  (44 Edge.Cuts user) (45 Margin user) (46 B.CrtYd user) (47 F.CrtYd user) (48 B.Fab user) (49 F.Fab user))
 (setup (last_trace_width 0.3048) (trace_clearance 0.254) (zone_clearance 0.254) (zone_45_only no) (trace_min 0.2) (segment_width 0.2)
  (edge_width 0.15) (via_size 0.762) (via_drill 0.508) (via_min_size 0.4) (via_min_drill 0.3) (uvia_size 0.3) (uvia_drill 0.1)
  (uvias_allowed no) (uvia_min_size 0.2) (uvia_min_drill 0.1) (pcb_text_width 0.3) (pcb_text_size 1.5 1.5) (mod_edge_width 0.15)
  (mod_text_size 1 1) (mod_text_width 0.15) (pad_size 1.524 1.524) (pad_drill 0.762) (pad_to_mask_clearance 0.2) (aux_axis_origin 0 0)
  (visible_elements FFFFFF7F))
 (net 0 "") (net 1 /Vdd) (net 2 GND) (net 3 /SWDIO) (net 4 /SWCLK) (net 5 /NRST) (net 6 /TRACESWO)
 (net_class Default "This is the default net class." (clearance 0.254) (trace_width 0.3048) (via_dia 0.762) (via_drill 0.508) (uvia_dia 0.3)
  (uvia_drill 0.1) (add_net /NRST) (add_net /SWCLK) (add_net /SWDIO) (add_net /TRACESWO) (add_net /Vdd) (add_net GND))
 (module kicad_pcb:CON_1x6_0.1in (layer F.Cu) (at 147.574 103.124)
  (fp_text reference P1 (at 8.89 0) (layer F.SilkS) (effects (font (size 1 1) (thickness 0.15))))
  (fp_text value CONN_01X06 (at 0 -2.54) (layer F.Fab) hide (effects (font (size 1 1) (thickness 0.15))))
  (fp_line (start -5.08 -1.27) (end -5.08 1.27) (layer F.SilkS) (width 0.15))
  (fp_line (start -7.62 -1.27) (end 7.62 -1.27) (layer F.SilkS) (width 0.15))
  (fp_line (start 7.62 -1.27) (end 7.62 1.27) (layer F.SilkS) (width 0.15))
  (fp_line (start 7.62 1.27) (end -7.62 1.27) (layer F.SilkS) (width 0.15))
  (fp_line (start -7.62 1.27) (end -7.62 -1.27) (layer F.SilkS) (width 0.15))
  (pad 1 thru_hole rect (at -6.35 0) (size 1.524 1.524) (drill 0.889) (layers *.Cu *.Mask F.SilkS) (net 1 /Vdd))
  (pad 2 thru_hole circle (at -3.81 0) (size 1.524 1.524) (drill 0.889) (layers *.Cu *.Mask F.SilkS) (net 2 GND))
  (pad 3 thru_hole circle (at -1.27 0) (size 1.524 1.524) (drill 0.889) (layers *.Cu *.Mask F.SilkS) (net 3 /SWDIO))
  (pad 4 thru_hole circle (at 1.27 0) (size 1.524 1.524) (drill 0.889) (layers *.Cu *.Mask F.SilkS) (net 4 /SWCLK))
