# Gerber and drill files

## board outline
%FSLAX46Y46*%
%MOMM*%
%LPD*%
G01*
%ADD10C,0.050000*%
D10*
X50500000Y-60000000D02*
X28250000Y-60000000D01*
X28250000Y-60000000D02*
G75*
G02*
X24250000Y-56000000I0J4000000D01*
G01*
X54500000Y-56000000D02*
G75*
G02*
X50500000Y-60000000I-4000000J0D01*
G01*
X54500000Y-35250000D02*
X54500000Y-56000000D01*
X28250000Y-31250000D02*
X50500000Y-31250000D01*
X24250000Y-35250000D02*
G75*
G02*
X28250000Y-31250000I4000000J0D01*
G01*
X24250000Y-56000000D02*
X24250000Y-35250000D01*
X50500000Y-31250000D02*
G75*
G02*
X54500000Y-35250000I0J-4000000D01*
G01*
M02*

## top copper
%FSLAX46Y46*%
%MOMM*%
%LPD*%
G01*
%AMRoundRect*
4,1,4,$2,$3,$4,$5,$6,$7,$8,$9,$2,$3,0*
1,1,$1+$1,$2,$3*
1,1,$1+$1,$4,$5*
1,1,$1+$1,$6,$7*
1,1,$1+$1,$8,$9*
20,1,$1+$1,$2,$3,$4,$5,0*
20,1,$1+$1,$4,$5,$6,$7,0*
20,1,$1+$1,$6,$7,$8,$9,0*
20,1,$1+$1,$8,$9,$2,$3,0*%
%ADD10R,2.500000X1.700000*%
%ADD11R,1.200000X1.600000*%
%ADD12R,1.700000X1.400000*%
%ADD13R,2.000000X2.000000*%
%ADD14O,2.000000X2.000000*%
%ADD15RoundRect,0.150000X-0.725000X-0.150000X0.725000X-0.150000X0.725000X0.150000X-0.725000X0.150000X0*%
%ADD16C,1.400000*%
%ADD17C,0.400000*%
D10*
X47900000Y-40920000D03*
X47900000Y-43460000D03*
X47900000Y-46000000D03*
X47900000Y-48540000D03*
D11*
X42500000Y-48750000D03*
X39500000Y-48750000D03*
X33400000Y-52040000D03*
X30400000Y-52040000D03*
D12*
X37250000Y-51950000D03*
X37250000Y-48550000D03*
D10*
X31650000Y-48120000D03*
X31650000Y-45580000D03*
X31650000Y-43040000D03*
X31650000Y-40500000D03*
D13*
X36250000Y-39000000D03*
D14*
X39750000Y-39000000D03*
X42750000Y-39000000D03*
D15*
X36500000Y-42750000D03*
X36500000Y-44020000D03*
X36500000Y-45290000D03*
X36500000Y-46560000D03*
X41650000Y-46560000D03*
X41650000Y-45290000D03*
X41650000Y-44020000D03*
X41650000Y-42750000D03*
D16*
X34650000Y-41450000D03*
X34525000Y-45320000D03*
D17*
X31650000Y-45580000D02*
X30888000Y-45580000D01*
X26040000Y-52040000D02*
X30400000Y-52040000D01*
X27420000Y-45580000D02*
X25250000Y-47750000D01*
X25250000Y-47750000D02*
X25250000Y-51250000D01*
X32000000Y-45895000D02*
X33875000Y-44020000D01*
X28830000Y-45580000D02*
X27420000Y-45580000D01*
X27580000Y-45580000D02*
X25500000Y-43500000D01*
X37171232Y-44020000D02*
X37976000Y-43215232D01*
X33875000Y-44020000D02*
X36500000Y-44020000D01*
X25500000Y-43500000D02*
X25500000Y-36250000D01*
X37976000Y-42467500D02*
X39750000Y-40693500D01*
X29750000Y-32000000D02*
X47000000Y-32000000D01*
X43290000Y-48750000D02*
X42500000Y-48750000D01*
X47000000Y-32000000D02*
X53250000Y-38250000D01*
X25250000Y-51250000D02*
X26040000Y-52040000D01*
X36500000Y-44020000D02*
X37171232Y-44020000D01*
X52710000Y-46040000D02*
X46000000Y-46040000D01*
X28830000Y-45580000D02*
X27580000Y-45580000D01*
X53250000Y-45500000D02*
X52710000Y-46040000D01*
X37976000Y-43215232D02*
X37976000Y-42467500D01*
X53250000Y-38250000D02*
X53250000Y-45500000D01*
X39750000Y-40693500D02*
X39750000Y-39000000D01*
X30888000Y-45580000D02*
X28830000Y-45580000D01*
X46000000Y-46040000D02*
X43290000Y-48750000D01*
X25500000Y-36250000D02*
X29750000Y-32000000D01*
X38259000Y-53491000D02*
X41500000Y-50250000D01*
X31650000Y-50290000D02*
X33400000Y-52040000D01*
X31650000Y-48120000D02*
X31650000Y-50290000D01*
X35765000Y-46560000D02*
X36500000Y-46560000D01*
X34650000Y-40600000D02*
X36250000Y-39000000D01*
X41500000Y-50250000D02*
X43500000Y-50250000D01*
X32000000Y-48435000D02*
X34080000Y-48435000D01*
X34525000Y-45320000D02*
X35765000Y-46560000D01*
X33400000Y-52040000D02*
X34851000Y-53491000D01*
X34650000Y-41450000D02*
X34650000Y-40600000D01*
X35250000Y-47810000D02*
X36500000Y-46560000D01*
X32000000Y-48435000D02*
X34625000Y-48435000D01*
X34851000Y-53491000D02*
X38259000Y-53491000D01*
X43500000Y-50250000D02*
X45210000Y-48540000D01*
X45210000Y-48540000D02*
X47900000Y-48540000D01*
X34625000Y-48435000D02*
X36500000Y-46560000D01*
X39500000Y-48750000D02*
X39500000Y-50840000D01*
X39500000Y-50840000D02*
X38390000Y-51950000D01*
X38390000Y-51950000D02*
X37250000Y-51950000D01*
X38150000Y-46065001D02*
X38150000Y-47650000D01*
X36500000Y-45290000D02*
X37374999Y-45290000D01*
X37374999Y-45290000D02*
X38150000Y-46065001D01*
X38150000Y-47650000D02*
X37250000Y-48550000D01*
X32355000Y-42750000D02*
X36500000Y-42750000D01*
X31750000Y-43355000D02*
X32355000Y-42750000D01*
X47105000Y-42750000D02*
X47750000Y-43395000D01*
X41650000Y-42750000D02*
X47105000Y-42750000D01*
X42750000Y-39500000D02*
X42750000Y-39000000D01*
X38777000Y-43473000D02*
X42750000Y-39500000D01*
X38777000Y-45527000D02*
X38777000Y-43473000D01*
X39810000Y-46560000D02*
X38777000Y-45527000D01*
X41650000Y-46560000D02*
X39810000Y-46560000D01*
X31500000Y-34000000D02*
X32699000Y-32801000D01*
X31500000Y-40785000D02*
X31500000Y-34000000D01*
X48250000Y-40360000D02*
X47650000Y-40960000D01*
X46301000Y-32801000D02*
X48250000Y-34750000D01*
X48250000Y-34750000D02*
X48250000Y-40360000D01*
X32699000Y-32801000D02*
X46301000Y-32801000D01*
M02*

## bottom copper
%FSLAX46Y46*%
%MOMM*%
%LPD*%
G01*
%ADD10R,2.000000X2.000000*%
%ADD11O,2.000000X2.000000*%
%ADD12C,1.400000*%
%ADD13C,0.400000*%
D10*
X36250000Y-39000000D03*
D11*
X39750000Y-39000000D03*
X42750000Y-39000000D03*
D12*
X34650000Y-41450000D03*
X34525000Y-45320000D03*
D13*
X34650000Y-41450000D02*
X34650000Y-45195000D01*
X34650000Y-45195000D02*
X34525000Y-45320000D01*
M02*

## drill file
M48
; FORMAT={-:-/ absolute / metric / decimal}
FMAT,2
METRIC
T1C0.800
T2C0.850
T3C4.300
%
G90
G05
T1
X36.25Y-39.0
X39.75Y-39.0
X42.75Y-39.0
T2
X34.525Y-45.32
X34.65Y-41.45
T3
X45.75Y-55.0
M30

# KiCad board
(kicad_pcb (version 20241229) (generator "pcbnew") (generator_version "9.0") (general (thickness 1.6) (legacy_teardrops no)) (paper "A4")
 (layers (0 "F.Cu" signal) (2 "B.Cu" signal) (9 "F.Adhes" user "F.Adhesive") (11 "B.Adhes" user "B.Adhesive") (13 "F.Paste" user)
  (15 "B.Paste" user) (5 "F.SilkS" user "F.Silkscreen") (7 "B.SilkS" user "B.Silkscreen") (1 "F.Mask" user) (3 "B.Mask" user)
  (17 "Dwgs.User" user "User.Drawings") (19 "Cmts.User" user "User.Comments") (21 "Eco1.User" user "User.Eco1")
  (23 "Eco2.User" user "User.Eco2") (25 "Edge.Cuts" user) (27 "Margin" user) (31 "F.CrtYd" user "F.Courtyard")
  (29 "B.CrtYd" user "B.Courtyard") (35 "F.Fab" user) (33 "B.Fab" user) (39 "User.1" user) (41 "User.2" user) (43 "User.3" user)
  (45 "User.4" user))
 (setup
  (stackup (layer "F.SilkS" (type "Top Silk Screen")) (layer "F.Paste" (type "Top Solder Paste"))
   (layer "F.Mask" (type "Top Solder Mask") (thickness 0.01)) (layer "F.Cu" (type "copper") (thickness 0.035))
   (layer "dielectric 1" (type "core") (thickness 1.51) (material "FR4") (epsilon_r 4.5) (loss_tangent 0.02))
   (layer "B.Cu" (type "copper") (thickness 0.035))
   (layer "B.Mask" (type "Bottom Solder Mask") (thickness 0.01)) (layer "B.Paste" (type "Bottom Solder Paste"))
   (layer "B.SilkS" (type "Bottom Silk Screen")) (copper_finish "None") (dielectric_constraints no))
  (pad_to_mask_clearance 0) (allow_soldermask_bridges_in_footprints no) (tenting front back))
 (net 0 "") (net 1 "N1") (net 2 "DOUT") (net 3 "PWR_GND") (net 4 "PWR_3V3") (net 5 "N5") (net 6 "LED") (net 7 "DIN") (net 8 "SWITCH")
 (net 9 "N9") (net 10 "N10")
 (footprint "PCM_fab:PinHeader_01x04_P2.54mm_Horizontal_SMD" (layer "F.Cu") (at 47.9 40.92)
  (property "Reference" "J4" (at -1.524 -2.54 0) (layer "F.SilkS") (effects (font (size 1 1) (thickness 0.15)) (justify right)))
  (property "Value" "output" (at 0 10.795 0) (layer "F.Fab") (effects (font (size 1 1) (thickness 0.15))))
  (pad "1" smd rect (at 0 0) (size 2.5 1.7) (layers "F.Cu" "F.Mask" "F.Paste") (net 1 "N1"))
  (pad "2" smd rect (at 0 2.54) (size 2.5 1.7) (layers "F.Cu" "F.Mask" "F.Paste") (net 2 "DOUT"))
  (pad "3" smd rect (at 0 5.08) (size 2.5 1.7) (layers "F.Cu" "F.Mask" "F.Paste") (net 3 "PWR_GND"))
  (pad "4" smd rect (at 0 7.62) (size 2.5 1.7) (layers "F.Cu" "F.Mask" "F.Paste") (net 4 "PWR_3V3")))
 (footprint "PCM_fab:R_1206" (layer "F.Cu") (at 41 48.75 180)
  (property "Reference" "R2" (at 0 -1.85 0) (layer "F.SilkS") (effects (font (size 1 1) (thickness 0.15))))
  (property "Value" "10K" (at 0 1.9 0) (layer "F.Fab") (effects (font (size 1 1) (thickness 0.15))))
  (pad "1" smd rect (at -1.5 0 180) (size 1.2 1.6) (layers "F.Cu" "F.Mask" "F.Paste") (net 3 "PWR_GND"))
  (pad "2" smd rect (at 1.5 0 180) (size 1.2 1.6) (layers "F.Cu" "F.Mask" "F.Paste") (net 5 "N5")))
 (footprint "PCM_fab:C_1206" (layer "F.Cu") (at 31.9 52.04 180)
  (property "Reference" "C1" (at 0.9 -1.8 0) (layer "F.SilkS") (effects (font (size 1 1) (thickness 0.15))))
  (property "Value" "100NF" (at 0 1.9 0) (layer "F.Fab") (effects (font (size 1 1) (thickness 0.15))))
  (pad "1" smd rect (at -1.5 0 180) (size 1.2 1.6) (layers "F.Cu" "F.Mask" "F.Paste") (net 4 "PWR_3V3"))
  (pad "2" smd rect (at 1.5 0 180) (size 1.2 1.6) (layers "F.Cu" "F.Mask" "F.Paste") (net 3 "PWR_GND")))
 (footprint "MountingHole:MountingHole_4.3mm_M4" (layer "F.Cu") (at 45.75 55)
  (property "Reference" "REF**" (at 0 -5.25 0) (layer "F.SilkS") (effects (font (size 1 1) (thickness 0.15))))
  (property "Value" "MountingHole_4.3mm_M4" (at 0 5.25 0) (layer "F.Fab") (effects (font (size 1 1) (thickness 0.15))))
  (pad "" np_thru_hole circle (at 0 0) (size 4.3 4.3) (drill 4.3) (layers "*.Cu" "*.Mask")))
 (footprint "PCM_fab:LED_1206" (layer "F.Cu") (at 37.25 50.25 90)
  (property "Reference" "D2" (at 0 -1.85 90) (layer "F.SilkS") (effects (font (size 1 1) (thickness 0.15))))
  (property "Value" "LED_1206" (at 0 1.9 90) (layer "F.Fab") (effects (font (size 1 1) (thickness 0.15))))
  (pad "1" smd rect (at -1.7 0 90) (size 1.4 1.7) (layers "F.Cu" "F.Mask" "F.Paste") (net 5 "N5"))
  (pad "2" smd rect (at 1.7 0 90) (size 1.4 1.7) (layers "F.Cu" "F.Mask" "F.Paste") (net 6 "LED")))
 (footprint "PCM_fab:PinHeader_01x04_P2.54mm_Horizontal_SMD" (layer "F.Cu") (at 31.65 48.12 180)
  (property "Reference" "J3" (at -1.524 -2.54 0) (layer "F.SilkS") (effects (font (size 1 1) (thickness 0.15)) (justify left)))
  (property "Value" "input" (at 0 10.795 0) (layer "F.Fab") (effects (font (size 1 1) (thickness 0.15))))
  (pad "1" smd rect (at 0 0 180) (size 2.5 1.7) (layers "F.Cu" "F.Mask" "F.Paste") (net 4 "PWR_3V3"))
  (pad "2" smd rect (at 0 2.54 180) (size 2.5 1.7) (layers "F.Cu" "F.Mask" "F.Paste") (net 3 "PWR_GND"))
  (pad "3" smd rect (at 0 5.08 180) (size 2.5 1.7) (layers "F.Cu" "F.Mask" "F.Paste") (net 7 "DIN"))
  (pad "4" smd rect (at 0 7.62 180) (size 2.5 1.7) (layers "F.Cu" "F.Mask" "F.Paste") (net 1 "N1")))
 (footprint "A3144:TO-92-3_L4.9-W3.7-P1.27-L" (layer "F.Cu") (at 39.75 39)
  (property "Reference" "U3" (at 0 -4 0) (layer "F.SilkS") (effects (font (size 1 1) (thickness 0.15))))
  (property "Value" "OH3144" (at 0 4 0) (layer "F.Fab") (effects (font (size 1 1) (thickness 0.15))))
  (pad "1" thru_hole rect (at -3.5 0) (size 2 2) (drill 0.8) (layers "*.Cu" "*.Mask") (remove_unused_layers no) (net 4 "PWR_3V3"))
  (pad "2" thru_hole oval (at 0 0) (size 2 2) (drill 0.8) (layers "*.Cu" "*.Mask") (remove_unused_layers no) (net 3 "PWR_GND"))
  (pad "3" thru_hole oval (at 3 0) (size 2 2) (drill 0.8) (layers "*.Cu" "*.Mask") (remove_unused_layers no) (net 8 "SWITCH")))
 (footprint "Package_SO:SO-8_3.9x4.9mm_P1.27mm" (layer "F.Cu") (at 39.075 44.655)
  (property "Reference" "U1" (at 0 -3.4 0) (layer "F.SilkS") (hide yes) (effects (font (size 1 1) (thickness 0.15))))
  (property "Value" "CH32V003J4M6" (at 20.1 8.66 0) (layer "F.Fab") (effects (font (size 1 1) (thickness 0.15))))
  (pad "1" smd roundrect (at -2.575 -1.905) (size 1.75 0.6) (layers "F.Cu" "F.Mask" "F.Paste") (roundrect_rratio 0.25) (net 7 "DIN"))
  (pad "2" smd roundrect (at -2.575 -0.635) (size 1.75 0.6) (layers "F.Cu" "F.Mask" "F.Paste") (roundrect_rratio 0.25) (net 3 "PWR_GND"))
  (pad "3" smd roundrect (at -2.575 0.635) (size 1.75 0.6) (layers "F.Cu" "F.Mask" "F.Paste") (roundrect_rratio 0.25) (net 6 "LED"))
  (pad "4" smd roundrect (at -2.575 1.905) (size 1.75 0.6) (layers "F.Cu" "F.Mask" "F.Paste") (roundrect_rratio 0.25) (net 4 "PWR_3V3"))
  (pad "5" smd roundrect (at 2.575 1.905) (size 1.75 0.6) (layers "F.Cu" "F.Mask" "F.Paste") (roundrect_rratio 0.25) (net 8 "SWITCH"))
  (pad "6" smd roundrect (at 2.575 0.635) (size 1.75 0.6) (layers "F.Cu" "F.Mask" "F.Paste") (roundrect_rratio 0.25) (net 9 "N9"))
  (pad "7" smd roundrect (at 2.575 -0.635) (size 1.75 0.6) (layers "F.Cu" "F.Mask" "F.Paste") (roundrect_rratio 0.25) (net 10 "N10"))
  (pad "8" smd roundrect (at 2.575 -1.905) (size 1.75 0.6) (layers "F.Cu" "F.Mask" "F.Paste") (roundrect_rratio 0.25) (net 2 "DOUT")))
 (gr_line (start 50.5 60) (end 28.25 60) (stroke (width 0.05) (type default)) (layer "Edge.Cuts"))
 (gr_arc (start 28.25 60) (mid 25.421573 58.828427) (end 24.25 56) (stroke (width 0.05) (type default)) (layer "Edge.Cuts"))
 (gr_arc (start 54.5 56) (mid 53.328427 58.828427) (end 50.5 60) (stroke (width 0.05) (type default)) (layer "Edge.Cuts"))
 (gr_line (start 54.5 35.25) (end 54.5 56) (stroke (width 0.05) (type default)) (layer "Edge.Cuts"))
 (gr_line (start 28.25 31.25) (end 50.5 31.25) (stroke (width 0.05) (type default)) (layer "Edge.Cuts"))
****************************************
• **What is being asked**: Using the entries above, give back exactly the line containing "X31650000Y-45580000D02*", the line containing "X33875000Y-44020000D02*", and every line between them, and nothing else.

• **Exercise result**:
X31650000Y-45580000D02*
X30888000Y-45580000D01*
X26040000Y-52040000D02*
X30400000Y-52040000D01*
X27420000Y-45580000D02*
X25250000Y-47750000D01*
X25250000Y-47750000D02*
X25250000Y-51250000D01*
X32000000Y-45895000D02*
X33875000Y-44020000D01*
X28830000Y-45580000D02*
X27420000Y-45580000D01*
X27580000Y-45580000D02*
X25500000Y-43500000D01*
X37171232Y-44020000D02*
X37976000Y-43215232D01*
X33875000Y-44020000D02*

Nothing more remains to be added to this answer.